A. It is very significant and first of all let me say that we warmly welcome President Rajapakse and Madame Rajapakse with a very high level delegation. I think this is a visit that is reflective of very enduring ties of cooperation and understanding between our two countries. This is significant that this is the first visit he is making abroad after taking charge as President, after his victory. We hope that during this visit we would be able to strengthen our dialogue further. Our leadership will have the opportunity to know the new President even better and I believe that this is an opening chapter of what is going to be an extremely cordial and mutually beneficial relationship.

Q. What can we in Sri Lanka expect from his visit?

A. Well we expect to finalize a number of bilateral agreements and MoUs on functional cooperation in a variety of fields. Officials are preparing for that. In fact, during this year we had a number of bilateral exchanges between the two countries. The Foreign Secretaries met for consultations earlier this year, that was followed by a meeting of the Joint Commission at the Foreign Minister level. We have in a sense paved the way for this high level visit. Right now, we have a delegation from the Indian railways visiting Sri Lanka. The National Thermal Power Corporation was here to discuss the setting up of a coal-powered power plant. We have in a sense prepared the way for the visit of H.E. the President of Sri Lanka.

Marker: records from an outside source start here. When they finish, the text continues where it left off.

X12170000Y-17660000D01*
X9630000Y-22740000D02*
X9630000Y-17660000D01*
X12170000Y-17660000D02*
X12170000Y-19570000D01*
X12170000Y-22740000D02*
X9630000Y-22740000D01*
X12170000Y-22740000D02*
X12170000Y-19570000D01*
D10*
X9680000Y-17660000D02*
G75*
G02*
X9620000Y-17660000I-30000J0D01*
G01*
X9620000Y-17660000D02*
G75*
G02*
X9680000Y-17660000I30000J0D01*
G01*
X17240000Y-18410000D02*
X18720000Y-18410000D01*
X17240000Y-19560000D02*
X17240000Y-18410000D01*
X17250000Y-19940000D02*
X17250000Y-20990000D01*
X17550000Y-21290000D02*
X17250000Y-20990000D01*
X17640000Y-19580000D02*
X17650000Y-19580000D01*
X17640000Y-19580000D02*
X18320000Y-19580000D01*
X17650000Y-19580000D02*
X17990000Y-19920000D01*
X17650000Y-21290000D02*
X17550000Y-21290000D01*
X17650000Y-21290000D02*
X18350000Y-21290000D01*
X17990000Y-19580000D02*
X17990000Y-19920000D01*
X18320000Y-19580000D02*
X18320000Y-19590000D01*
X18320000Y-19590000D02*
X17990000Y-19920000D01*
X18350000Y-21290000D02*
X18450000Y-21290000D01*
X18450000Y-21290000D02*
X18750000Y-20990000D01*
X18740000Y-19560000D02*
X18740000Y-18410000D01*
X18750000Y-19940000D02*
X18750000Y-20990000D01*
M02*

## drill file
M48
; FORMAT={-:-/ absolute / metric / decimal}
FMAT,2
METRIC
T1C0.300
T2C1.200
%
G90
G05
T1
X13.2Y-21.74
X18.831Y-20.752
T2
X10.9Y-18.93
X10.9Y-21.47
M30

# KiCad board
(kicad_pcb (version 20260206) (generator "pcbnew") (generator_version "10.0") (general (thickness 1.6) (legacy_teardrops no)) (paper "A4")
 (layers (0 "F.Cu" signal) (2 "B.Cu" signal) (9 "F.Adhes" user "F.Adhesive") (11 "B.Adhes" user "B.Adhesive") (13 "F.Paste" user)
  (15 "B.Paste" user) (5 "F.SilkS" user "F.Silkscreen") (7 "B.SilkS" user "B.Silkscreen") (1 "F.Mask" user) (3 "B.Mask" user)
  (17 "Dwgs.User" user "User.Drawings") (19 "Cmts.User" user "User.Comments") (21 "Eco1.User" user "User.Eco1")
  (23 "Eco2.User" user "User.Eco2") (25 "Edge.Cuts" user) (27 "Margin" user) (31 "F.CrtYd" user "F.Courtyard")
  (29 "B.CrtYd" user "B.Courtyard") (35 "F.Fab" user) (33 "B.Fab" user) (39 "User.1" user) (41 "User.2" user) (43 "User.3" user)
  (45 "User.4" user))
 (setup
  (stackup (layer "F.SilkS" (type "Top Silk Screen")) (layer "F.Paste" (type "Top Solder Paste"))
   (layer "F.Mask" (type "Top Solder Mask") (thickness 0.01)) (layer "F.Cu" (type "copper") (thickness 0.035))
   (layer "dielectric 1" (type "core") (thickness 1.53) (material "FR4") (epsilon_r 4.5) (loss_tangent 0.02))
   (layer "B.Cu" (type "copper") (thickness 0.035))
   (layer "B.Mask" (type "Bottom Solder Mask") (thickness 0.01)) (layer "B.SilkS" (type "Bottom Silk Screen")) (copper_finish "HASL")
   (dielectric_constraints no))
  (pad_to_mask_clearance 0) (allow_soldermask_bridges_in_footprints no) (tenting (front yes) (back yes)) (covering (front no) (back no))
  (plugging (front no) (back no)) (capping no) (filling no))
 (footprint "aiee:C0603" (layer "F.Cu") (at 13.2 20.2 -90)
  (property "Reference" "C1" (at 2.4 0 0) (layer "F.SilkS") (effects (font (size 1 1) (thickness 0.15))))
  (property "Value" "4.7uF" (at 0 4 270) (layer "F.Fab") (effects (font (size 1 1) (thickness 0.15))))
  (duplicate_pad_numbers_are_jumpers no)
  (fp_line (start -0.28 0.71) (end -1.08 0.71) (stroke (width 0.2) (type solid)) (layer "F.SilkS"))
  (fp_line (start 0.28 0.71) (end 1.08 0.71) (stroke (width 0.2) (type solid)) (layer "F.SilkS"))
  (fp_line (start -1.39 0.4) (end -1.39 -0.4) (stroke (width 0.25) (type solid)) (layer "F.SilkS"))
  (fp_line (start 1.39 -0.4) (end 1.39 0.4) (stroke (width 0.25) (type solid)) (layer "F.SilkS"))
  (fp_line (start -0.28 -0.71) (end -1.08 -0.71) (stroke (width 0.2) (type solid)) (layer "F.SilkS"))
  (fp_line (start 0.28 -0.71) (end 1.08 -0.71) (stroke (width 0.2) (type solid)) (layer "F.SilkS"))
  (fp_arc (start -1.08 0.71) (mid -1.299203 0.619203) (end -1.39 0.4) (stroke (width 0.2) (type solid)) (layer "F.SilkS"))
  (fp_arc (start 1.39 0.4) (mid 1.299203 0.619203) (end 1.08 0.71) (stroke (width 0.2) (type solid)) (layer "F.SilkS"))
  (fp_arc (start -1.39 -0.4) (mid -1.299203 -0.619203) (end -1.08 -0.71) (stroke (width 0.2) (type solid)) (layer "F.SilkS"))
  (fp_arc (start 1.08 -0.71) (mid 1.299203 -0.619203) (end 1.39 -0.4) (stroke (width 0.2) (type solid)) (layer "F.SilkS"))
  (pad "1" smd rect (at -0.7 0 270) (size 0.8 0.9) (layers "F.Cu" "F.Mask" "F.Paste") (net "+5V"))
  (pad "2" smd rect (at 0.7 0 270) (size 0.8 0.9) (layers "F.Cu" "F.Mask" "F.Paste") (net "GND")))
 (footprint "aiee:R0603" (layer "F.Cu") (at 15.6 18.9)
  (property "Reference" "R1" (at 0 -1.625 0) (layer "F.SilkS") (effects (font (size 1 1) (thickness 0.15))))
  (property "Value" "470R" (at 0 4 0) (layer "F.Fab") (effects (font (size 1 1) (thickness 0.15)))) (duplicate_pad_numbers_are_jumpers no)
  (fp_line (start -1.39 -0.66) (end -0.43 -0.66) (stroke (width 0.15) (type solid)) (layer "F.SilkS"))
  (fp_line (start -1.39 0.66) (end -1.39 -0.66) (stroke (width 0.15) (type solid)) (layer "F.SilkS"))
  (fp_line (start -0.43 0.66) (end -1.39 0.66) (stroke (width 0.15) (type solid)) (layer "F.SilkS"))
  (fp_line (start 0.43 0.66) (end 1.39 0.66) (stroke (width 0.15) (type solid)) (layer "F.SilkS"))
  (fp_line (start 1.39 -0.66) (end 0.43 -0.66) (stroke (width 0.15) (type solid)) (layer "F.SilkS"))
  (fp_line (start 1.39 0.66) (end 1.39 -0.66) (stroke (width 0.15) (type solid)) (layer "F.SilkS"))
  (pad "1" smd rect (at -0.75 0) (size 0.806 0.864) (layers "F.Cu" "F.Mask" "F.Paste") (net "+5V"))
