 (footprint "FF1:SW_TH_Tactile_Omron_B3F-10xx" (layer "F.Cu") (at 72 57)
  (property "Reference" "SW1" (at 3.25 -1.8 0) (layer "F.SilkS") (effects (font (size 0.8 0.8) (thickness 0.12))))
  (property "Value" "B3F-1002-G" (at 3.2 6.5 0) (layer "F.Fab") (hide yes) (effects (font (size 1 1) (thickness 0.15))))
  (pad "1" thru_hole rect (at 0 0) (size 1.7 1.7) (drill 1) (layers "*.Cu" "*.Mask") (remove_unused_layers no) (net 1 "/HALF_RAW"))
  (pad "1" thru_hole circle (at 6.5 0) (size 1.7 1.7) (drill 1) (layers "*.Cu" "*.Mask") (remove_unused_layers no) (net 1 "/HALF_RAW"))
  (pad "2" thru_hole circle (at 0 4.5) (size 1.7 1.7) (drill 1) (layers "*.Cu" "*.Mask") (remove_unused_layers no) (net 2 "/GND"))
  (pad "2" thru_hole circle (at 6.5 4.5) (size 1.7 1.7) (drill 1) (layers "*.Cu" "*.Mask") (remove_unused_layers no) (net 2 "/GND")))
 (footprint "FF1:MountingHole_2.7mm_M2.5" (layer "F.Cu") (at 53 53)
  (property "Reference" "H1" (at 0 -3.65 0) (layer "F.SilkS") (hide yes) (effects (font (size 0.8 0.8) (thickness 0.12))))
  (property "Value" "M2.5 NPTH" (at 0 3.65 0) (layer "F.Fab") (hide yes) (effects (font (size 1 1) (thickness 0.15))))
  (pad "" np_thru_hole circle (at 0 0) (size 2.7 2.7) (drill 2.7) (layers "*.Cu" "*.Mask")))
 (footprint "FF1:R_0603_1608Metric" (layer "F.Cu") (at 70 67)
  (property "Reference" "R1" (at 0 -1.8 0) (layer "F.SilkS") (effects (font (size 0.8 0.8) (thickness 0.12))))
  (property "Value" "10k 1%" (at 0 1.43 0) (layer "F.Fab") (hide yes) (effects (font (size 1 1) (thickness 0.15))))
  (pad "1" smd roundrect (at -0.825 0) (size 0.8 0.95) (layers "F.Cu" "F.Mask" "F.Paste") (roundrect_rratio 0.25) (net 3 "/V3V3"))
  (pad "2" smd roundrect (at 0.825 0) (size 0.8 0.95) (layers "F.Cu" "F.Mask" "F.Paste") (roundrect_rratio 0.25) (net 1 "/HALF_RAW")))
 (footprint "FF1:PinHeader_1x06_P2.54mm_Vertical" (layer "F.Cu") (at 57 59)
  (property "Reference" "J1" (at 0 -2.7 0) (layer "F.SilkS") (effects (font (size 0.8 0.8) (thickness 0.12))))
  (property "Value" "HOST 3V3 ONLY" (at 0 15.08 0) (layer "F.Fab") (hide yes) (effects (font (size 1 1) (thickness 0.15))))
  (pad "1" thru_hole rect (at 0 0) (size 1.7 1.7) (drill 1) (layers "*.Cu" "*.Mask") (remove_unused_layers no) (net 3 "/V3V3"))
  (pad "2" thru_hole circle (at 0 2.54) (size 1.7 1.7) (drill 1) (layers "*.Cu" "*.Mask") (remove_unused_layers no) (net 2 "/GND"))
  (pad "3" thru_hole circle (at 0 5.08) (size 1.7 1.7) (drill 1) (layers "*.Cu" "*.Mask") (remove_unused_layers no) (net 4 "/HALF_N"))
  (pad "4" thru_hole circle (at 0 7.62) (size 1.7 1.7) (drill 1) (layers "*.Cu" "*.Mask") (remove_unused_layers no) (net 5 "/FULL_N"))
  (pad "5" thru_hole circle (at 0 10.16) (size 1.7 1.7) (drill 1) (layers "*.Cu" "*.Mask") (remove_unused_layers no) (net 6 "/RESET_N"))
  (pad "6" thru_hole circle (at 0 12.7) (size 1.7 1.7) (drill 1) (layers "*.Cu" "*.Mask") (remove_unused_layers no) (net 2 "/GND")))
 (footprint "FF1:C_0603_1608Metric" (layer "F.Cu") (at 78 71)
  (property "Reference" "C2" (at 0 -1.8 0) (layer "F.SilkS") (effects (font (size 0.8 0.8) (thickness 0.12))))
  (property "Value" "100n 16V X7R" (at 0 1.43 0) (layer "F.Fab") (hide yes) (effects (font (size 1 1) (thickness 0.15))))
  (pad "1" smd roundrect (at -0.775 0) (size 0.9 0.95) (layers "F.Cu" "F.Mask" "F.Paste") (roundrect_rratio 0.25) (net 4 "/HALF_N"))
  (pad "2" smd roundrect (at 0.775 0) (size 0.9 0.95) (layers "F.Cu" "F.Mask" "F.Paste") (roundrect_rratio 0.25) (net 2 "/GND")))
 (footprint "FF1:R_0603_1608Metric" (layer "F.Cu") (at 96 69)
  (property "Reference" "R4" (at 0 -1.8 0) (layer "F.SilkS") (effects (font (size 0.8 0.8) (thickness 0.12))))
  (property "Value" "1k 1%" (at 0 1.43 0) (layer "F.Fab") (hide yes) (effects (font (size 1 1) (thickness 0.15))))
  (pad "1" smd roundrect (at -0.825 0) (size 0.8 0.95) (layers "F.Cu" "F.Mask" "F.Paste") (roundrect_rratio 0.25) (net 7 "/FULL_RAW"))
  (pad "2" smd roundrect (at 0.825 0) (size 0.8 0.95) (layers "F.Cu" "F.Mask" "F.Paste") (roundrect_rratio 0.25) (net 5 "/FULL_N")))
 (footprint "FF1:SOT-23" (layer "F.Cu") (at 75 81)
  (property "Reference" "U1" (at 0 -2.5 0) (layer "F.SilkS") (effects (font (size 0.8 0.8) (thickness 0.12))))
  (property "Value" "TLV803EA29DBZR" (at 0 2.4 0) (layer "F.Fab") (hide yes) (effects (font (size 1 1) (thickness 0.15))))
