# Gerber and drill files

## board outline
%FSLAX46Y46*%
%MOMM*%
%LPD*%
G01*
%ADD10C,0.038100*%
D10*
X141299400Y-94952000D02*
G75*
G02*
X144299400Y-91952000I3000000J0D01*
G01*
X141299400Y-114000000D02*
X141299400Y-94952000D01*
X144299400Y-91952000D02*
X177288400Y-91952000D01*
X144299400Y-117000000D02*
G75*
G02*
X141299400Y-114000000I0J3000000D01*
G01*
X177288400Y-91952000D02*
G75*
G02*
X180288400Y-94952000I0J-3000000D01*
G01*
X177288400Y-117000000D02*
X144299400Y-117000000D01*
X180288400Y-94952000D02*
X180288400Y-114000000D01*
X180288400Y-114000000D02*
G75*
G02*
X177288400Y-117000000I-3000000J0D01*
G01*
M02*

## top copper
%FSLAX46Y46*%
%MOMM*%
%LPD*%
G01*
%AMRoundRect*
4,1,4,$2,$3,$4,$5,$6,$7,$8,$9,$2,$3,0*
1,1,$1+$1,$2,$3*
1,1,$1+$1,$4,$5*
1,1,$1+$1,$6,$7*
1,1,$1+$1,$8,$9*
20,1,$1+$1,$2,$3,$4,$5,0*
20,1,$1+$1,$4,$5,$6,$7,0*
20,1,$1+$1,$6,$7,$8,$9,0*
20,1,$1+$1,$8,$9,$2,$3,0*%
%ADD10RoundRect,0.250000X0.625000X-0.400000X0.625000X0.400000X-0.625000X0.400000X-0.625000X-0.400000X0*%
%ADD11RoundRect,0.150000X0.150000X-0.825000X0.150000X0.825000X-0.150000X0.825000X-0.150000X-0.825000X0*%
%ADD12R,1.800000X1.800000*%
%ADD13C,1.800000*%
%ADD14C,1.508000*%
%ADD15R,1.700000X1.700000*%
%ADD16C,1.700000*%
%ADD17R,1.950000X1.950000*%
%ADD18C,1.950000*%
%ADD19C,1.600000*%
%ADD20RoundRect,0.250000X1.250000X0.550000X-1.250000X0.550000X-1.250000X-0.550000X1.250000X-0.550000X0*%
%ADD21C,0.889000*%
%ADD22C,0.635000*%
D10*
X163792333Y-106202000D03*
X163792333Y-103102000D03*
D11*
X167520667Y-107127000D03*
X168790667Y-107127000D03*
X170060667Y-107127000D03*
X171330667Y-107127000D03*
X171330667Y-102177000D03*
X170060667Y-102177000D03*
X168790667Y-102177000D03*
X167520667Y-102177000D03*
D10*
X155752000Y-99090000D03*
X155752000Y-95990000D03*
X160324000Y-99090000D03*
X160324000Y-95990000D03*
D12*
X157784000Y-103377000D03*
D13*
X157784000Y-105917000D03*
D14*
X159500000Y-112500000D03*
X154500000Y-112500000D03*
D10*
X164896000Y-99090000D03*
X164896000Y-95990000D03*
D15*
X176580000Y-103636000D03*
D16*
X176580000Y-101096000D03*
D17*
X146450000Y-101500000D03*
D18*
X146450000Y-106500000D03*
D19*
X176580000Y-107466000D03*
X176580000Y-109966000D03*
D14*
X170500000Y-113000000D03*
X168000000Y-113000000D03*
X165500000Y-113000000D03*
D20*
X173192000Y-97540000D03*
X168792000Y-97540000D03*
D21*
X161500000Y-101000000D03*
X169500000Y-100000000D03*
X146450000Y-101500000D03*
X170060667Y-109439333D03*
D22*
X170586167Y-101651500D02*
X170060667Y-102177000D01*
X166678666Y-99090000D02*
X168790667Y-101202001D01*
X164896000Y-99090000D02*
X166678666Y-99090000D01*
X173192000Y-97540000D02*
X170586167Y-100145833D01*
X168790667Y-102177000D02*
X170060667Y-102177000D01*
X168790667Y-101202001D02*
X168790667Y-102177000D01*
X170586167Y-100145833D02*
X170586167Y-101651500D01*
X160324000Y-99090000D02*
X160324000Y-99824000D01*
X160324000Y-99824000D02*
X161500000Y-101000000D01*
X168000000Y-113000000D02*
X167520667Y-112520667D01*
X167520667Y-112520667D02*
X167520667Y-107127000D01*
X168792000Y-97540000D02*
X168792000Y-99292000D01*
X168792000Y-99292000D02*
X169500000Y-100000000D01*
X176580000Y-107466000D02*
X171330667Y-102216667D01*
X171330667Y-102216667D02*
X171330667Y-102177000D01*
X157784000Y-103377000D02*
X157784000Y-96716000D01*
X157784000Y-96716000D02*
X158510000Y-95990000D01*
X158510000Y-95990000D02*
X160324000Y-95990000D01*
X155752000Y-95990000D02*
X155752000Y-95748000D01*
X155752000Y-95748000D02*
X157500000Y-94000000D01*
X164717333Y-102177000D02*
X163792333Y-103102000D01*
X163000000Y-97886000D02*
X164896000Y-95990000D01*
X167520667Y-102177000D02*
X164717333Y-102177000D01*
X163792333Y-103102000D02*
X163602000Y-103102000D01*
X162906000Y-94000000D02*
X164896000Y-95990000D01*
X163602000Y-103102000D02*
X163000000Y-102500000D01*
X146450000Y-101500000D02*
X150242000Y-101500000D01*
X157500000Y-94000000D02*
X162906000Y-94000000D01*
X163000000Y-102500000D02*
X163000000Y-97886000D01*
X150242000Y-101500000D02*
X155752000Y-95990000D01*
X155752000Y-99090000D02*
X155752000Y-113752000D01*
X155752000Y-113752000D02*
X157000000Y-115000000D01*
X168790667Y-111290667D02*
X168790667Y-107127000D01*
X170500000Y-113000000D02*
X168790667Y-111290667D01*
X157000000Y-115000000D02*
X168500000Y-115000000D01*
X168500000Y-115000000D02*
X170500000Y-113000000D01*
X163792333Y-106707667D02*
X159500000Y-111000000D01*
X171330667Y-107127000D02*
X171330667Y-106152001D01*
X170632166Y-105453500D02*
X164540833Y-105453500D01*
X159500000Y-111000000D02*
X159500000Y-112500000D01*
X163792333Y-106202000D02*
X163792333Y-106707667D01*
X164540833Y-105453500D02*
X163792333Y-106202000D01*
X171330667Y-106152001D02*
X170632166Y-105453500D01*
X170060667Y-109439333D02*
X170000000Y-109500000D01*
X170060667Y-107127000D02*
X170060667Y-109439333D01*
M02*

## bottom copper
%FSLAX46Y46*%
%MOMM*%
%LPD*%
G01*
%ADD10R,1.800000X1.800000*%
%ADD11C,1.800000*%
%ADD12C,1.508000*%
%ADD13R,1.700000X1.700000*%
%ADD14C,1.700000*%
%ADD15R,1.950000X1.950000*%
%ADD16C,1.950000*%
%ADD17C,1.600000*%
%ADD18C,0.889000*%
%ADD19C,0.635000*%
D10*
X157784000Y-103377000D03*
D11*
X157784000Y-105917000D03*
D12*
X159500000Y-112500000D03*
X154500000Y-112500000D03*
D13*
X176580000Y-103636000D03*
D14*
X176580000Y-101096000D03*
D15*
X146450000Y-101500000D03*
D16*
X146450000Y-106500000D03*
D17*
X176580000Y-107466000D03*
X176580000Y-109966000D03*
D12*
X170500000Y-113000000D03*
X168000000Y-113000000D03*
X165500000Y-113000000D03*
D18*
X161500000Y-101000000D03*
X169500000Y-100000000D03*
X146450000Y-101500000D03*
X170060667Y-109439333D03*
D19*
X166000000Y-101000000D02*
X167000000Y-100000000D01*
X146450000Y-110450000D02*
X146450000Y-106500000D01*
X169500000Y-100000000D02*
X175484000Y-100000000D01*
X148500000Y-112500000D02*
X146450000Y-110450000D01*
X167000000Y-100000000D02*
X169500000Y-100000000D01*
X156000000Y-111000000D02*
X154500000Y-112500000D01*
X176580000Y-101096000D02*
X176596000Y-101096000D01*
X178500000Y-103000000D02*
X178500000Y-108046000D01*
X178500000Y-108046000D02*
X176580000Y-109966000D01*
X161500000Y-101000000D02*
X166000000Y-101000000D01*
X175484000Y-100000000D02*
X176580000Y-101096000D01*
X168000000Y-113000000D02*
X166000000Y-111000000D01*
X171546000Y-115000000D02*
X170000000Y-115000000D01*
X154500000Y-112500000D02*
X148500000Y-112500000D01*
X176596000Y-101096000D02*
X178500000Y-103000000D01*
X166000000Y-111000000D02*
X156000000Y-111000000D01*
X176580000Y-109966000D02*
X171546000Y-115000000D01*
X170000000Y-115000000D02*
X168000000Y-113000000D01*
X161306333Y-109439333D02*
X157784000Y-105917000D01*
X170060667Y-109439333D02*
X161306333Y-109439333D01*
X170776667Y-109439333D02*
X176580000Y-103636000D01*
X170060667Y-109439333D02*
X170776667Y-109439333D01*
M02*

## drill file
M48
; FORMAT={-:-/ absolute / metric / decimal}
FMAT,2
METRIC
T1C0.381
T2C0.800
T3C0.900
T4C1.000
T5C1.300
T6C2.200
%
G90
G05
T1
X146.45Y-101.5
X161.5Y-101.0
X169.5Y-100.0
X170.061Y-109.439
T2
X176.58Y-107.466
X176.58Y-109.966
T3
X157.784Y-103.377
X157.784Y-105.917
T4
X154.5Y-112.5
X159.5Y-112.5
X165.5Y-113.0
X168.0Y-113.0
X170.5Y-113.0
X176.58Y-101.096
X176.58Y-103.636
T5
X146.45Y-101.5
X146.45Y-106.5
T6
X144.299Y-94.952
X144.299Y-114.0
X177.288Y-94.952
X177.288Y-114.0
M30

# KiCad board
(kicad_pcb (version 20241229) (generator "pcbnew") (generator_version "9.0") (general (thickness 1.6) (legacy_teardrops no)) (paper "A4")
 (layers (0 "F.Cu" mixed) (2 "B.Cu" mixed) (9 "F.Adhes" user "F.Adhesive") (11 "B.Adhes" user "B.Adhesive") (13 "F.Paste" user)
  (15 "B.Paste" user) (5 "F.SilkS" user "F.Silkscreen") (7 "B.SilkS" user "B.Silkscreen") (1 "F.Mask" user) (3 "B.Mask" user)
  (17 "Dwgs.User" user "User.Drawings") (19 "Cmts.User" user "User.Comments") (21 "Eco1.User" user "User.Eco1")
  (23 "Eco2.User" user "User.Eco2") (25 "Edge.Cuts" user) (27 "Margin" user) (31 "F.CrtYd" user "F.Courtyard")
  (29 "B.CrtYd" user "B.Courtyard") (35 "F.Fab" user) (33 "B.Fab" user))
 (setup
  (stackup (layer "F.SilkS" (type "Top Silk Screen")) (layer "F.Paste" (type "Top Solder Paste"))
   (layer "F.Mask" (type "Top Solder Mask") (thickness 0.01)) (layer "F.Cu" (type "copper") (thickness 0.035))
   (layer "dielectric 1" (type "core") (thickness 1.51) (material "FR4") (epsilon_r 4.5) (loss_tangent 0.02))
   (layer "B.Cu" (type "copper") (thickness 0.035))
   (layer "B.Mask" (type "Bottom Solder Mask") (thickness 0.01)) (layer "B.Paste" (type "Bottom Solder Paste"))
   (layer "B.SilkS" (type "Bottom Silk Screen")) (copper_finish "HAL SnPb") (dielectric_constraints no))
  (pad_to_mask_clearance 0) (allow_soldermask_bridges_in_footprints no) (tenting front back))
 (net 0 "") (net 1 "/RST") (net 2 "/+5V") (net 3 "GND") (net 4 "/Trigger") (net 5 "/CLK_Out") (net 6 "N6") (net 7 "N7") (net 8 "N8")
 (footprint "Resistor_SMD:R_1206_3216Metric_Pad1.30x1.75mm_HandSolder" (layer "F.Cu") (at 163.792333 104.652 90)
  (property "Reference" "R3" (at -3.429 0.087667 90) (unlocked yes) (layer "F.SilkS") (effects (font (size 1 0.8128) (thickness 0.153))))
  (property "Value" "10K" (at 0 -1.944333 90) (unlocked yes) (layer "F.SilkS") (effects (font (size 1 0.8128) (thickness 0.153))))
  (pad "1" smd roundrect (at -1.55 0 90) (size 1.3 1.75) (layers "F.Cu" "F.Mask" "F.Paste") (roundrect_rratio 0.192308) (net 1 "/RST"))
  (pad "2" smd roundrect (at 1.55 0 90) (size 1.3 1.75) (layers "F.Cu" "F.Mask" "F.Paste") (roundrect_rratio 0.192308) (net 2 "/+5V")))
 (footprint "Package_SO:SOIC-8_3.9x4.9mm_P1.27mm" (layer "F.Cu") (at 169.425667 104.652 90)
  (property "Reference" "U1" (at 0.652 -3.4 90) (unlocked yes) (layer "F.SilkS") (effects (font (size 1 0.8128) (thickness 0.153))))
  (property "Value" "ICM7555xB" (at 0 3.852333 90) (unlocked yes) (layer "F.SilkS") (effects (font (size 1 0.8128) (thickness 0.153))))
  (pad "1" smd roundrect (at -2.475 -1.905 90) (size 1.95 0.6) (layers "F.Cu" "F.Mask" "F.Paste") (roundrect_rratio 0.25) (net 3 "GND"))
  (pad "2" smd roundrect (at -2.475 -0.635 90) (size 1.95 0.6) (layers "F.Cu" "F.Mask" "F.Paste") (roundrect_rratio 0.25) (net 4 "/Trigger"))
  (pad "3" smd roundrect (at -2.475 0.635 90) (size 1.95 0.6) (layers "F.Cu" "F.Mask" "F.Paste") (roundrect_rratio 0.25) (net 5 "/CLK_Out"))
  (pad "4" smd roundrect (at -2.475 1.905 90) (size 1.95 0.6) (layers "F.Cu" "F.Mask" "F.Paste") (roundrect_rratio 0.25) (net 1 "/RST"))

Q. Excellency, any other area that the two leaders will explore?

A. The exchanges are there - the bilateral exchanges, the economic flowering that you have witnessed. Very shortly we hope to conclude the discussion on the Comprehensive Economic Partnership Agreement between the two countries. How to strengthen this economic partnership, how to promote educational exchanges and I think the ties between the youth of our countries are very important. India is now getting into development work in Sri Lanka. An MoU on small development projects was signed during the Joint Commission meeting a few months ago. Now we are actively exploring the avenues of that. We have a couple of proposals for consideration. We are not only looking at economic partnership in trade and commerce but also in development. Today the Sri Lanka India Parliamentary forum is being launched as we understand in your Parliament. So there will be exchanges between the parliaments of the two countries. So you have very holistic and comprehensive exchange of delegations not only in terms of parliamentary exchanges.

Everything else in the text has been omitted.